As 2018 draws to a close, IT and security pros around the country will greet the arrival of budget season with a collective sigh. Negotiating for IT budgets at small or mid-market companies is always a challenge and can be especially difficult if you’re asking for increased security spending from an executive who doesn’t understand the risks of being unprepared for a data breach. However, security budgets are changing rapidly as awareness of security issues among SMBs grows and IT becomes much more complex.
Security spend at SMBs and mid-market companies will increase in 2019 and shift to better protect new hybrid and virtualized networks, secure passwords and improve detection and response times. There are also many tricks to building a good relationship with your organization’s financial decision-maker to help get your security budget requests approved. Let’s discuss both of these areas in more detail.
According to data by 451 Research, 80% of IT practitioners planned to increase their security budget in 2018 with an average increase of 17%. I believe we will see this trend continue in 2019 and be especially prominent at small and mid-market organizations. One of the major contributing factors here is the impact of ransomware on SMBs. A survey from Datto show as many as 84 percent of surveyed managed service providers had an SMB client who’d been hit with ransomware from Q2 2016 to Q2 2017. Security is still often viewed as a cost, but the risk of ransomware and recent data breaches have convinced many decision-makers that it is a cost worth paying.
At the same time, as organizations move more services to the cloud and explore software defined networks and IoT device deployments, the traditional approach of protecting the network perimeter starts to change. This means more budget will shift away from security hardware to application security and virtual versions of security products, as well as solutions that can protect IoT devices.
We’ll see more focus on “in-out security” as IT worries more about insiders accidentally leaking information or losing passwords than outsiders breaking through the security perimeter. I believe multi-factor authentication will see an increased share of budget this year as more companies catch onto the weaknesses of passwords. The high cost of recovery from data breaches (60 percent of SMBs hit with a major breach go out of business within six months) will also lead to more spend allocated to detection and remediation solutions.

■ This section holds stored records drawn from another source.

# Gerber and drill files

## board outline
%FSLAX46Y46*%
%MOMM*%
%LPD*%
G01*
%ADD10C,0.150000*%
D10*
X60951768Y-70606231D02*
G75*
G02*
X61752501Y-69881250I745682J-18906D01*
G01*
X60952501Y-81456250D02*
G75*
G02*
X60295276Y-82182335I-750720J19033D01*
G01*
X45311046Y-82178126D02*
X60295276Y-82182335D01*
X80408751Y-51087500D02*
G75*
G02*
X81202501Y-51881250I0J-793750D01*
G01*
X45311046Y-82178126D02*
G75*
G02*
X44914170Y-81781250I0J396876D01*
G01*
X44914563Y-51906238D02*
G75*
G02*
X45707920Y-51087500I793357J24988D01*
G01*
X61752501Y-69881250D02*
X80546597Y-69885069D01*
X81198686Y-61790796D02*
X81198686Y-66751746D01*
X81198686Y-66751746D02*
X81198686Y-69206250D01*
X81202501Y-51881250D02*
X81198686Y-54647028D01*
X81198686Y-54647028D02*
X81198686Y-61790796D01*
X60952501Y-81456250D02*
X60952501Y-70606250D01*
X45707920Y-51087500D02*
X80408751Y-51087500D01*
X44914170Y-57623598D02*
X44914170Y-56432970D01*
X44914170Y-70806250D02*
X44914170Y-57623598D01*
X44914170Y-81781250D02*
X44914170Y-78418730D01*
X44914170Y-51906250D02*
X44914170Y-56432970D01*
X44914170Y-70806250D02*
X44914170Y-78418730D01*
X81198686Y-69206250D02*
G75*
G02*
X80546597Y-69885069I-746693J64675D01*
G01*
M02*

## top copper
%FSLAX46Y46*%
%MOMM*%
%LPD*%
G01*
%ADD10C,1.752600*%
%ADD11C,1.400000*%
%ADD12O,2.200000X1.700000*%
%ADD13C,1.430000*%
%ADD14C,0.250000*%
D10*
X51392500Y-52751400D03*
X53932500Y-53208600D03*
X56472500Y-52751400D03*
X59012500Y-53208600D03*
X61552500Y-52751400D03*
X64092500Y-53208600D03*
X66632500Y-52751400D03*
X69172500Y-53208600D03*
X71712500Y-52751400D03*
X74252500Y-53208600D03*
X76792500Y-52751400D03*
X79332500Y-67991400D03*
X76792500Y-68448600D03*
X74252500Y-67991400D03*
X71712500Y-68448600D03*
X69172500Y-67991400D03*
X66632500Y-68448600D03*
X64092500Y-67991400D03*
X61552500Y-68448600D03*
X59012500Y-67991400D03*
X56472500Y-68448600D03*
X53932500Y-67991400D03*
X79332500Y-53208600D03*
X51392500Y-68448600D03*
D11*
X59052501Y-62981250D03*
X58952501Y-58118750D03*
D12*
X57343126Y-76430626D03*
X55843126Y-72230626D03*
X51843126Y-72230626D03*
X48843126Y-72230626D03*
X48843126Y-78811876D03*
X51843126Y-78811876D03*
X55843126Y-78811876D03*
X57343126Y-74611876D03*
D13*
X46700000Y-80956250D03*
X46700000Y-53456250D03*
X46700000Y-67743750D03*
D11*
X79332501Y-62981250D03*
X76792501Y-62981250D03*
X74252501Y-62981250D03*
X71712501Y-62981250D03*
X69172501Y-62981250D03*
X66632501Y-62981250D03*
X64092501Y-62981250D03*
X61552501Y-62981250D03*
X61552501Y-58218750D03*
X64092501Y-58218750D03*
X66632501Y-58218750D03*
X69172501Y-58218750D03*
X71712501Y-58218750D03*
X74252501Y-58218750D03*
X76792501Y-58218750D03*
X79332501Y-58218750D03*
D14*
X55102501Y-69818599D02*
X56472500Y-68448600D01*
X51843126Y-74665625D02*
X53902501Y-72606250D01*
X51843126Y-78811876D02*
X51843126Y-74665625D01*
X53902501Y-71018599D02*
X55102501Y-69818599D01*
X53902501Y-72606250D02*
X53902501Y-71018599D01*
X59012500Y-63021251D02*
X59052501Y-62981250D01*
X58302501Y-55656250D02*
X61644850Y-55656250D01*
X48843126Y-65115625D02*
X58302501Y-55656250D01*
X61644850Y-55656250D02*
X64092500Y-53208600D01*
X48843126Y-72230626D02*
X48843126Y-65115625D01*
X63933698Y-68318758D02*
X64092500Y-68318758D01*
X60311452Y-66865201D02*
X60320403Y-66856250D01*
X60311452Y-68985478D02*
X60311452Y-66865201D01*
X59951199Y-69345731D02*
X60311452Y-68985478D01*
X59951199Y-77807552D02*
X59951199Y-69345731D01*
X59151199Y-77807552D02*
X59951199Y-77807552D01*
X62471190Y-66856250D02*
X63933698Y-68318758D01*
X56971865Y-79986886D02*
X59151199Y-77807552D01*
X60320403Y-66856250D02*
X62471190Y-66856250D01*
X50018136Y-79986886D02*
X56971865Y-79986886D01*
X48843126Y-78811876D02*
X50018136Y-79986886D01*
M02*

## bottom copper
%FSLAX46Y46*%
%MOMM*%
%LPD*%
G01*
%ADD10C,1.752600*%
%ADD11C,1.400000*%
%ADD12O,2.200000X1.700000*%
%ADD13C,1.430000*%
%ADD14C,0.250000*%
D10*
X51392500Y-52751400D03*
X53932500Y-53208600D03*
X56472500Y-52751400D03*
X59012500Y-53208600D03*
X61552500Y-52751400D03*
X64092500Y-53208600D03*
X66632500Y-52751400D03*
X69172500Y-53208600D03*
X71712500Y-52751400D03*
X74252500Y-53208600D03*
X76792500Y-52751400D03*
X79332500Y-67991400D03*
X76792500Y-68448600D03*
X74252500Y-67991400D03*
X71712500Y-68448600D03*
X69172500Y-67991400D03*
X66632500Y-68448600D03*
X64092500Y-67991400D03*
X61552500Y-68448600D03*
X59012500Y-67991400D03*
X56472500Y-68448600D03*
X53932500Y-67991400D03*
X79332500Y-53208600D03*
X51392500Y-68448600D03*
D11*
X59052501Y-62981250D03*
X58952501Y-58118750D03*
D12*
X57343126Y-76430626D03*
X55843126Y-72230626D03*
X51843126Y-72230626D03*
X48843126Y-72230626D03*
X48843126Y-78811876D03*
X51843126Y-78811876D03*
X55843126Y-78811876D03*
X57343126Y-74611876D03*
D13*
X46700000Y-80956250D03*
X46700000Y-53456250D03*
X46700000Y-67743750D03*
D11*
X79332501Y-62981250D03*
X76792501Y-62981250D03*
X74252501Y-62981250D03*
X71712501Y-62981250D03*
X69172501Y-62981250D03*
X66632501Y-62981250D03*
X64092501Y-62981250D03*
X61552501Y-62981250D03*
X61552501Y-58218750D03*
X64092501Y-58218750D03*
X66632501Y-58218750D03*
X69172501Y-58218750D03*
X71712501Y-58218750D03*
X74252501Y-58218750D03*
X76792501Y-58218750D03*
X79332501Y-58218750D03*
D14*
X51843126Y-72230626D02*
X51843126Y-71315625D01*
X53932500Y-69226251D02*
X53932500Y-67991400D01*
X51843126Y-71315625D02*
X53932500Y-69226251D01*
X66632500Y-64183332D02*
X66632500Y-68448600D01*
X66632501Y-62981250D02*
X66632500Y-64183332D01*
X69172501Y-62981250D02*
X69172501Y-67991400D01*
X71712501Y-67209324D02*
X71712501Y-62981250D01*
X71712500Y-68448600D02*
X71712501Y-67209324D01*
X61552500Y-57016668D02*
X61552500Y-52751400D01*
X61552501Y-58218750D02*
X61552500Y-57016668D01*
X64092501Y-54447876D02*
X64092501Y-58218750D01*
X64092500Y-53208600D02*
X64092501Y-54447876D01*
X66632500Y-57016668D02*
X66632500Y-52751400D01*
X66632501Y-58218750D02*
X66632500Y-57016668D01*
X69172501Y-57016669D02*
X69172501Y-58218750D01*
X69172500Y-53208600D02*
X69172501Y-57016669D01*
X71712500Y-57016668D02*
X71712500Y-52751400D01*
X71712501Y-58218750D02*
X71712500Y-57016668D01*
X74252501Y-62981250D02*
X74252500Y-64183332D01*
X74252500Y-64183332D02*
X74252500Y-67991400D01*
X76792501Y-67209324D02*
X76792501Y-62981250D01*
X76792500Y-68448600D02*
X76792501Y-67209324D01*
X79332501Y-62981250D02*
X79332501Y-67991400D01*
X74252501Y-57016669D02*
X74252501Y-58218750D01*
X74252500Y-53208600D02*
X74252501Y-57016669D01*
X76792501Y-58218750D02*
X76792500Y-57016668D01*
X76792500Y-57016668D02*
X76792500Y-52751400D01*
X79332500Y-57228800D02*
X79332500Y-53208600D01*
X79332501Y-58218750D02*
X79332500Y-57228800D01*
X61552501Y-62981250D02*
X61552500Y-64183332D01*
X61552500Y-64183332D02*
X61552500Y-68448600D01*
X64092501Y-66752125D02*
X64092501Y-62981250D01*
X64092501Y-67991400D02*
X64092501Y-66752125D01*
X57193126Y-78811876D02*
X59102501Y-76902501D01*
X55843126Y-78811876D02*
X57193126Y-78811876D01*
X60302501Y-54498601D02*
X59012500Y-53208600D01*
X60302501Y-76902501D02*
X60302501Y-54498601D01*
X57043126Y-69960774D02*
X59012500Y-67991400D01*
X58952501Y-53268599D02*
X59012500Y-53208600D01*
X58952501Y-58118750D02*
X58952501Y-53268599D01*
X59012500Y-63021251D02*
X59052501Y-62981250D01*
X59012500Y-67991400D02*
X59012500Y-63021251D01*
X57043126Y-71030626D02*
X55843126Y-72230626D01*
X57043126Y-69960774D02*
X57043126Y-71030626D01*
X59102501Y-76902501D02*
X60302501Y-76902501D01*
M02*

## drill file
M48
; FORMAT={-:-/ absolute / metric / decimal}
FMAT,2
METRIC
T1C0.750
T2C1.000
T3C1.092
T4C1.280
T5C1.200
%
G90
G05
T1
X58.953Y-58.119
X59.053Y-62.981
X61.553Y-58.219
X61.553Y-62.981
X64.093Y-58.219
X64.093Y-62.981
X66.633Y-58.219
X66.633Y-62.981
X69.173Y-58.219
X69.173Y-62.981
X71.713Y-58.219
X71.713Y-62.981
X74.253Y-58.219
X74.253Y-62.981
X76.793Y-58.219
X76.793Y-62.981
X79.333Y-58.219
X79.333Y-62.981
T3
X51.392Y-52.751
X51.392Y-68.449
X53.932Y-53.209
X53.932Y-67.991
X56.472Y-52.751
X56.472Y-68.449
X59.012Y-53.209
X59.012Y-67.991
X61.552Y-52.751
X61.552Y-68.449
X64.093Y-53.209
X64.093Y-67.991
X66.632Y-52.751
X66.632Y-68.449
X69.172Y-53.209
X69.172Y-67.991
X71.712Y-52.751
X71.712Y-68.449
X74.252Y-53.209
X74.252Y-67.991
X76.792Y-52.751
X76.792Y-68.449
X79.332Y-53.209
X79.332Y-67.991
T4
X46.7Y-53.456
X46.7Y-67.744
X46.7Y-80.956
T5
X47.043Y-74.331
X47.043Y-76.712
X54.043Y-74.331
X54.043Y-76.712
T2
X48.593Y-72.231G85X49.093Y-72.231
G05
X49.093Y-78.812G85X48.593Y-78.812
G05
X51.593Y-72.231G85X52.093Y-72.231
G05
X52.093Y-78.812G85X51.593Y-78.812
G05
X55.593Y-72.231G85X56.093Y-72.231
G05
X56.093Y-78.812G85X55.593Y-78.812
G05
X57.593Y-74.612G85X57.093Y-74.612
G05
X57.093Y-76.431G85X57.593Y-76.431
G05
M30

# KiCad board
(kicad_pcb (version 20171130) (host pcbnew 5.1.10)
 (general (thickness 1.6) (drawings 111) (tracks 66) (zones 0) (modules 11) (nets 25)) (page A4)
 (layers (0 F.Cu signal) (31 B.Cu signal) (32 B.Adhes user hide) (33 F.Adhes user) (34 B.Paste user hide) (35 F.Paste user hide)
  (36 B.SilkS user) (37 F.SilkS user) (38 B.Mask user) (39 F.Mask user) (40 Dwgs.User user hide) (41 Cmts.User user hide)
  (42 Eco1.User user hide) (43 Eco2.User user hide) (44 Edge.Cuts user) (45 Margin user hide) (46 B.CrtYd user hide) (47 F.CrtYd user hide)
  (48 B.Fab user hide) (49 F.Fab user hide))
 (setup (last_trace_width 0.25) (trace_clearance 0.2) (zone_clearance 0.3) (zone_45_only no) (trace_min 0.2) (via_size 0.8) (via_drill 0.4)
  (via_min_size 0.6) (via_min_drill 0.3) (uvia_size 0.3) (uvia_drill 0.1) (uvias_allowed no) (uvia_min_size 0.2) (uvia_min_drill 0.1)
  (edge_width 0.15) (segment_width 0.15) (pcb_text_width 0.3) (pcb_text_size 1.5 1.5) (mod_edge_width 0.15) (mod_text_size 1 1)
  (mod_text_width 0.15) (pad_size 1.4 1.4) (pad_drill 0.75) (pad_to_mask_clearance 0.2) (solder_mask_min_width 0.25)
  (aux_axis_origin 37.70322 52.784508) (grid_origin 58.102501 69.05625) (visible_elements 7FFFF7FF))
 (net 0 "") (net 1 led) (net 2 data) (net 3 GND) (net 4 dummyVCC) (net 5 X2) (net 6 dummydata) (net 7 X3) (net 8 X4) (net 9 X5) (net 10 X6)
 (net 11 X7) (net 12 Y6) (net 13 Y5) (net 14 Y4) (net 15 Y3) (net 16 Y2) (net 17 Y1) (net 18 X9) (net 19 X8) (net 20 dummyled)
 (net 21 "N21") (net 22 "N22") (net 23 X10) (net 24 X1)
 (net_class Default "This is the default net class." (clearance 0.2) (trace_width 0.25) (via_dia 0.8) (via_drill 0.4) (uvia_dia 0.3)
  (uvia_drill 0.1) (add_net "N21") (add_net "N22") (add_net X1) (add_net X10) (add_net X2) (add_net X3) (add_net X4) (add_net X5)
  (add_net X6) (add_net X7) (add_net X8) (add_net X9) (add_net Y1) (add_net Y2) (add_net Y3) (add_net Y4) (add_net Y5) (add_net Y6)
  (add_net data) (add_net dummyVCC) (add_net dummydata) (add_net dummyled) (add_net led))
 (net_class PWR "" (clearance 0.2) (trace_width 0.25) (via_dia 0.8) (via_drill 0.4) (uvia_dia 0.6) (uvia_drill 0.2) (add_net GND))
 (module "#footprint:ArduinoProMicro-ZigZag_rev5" (layer B.Cu) (at 65.3625 60.6)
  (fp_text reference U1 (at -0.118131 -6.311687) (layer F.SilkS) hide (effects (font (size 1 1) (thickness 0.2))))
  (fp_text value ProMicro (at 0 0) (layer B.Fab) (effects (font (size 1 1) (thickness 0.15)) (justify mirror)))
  (pad 1 thru_hole circle (at -13.97 -7.8486) (size 1.7526 1.7526) (drill 1.0922) (layers *.Cu *.SilkS *.Mask) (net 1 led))
  (pad 2 thru_hole circle (at -11.43 -7.3914) (size 1.7526 1.7526) (drill 1.0922) (layers *.Cu *.SilkS *.Mask) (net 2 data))
  (pad 3 thru_hole circle (at -8.89 -7.8486) (size 1.7526 1.7526) (drill 1.0922) (layers *.Cu *.SilkS *.Mask) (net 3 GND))
  (pad 4 thru_hole circle (at -6.35 -7.3914) (size 1.7526 1.7526) (drill 1.0922) (layers *.Cu *.SilkS *.Mask) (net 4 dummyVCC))
  (pad 5 thru_hole circle (at -3.81 -7.8486) (size 1.7526 1.7526) (drill 1.0922) (layers *.Cu *.SilkS *.Mask) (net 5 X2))
  (pad 6 thru_hole circle (at -1.27 -7.3914) (size 1.7526 1.7526) (drill 1.0922) (layers *.Cu *.SilkS *.Mask) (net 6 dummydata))
  (pad 7 thru_hole circle (at 1.27 -7.8486) (size 1.7526 1.7526) (drill 1.0922) (layers *.Cu *.SilkS *.Mask) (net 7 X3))
  (pad 8 thru_hole circle (at 3.81 -7.3914) (size 1.7526 1.7526) (drill 1.0922) (layers *.Cu *.SilkS *.Mask) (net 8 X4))
  (pad 9 thru_hole circle (at 6.35 -7.8486) (size 1.7526 1.7526) (drill 1.0922) (layers *.Cu *.SilkS *.Mask) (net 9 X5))
  (pad 10 thru_hole circle (at 8.89 -7.3914) (size 1.7526 1.7526) (drill 1.0922) (layers *.Cu *.SilkS *.Mask) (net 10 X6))
  (pad 11 thru_hole circle (at 11.43 -7.8486) (size 1.7526 1.7526) (drill 1.0922) (layers *.Cu *.SilkS *.Mask) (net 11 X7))
  (pad 13 thru_hole circle (at 13.97 7.3914) (size 1.7526 1.7526) (drill 1.0922) (layers *.Cu *.SilkS *.Mask) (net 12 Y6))
  (pad 14 thru_hole circle (at 11.43 7.8486) (size 1.7526 1.7526) (drill 1.0922) (layers *.Cu *.SilkS *.Mask) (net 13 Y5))
  (pad 15 thru_hole circle (at 8.89 7.3914) (size 1.7526 1.7526) (drill 1.0922) (layers *.Cu *.SilkS *.Mask) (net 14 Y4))
  (pad 16 thru_hole circle (at 6.35 7.8486) (size 1.7526 1.7526) (drill 1.0922) (layers *.Cu *.SilkS *.Mask) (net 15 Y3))
  (pad 17 thru_hole circle (at 3.81 7.3914) (size 1.7526 1.7526) (drill 1.0922) (layers *.Cu *.SilkS *.Mask) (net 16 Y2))
  (pad 18 thru_hole circle (at 1.27 7.8486) (size 1.7526 1.7526) (drill 1.0922) (layers *.Cu *.SilkS *.Mask) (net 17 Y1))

Working against “the fight to secure the business” is the fact that IT has become much more complex in the last five to eight years, especially for mid-sized and smaller companies where IT pros often have blended roles. Factors like the use of the cloud, a mobile workforce, SaaS applications and more devices per employee to secure are making it harder for IT to secure its environment. There can also be less security understanding at the executive level at mid-market companies, and that makes budget negotiations much more difficult.
Here’s my advice for overcoming unawareness or reluctance in these budget discussions, and for getting security requests approved:
Involve your CFO or comptroller in your planning process long before the negotiations actually start. Build that relationship with them by educating them on how each piece of security technology works and how it reduces risk. For example, instead of talking about the security budget from a general standpoint, breakdown the budget into subcategories like prevention, detection, response and recovery and explain each one.
Meet regularly with your CFO or comptroller to update them on the status of your network environment and let them know what will need replacing or upgrading and when. This applies to both overall IT budgets and specific budgets for security (if those are separate in your organization). If you’re working on adding some IoT devices to your network, for instance, explain early in the project that those devices will require extra security precautions and changes to the network structure once the project is complete. None of your budget requests should come as a surprise!
Always explain why each expense is necessary and how it contributes to the company’s overall security. For example, if you want to implement a multi-factor authentication solution, share some statistics on the number of data breaches that are caused by poor passwords and list the customer data at your organization that would be at risk if you were breached.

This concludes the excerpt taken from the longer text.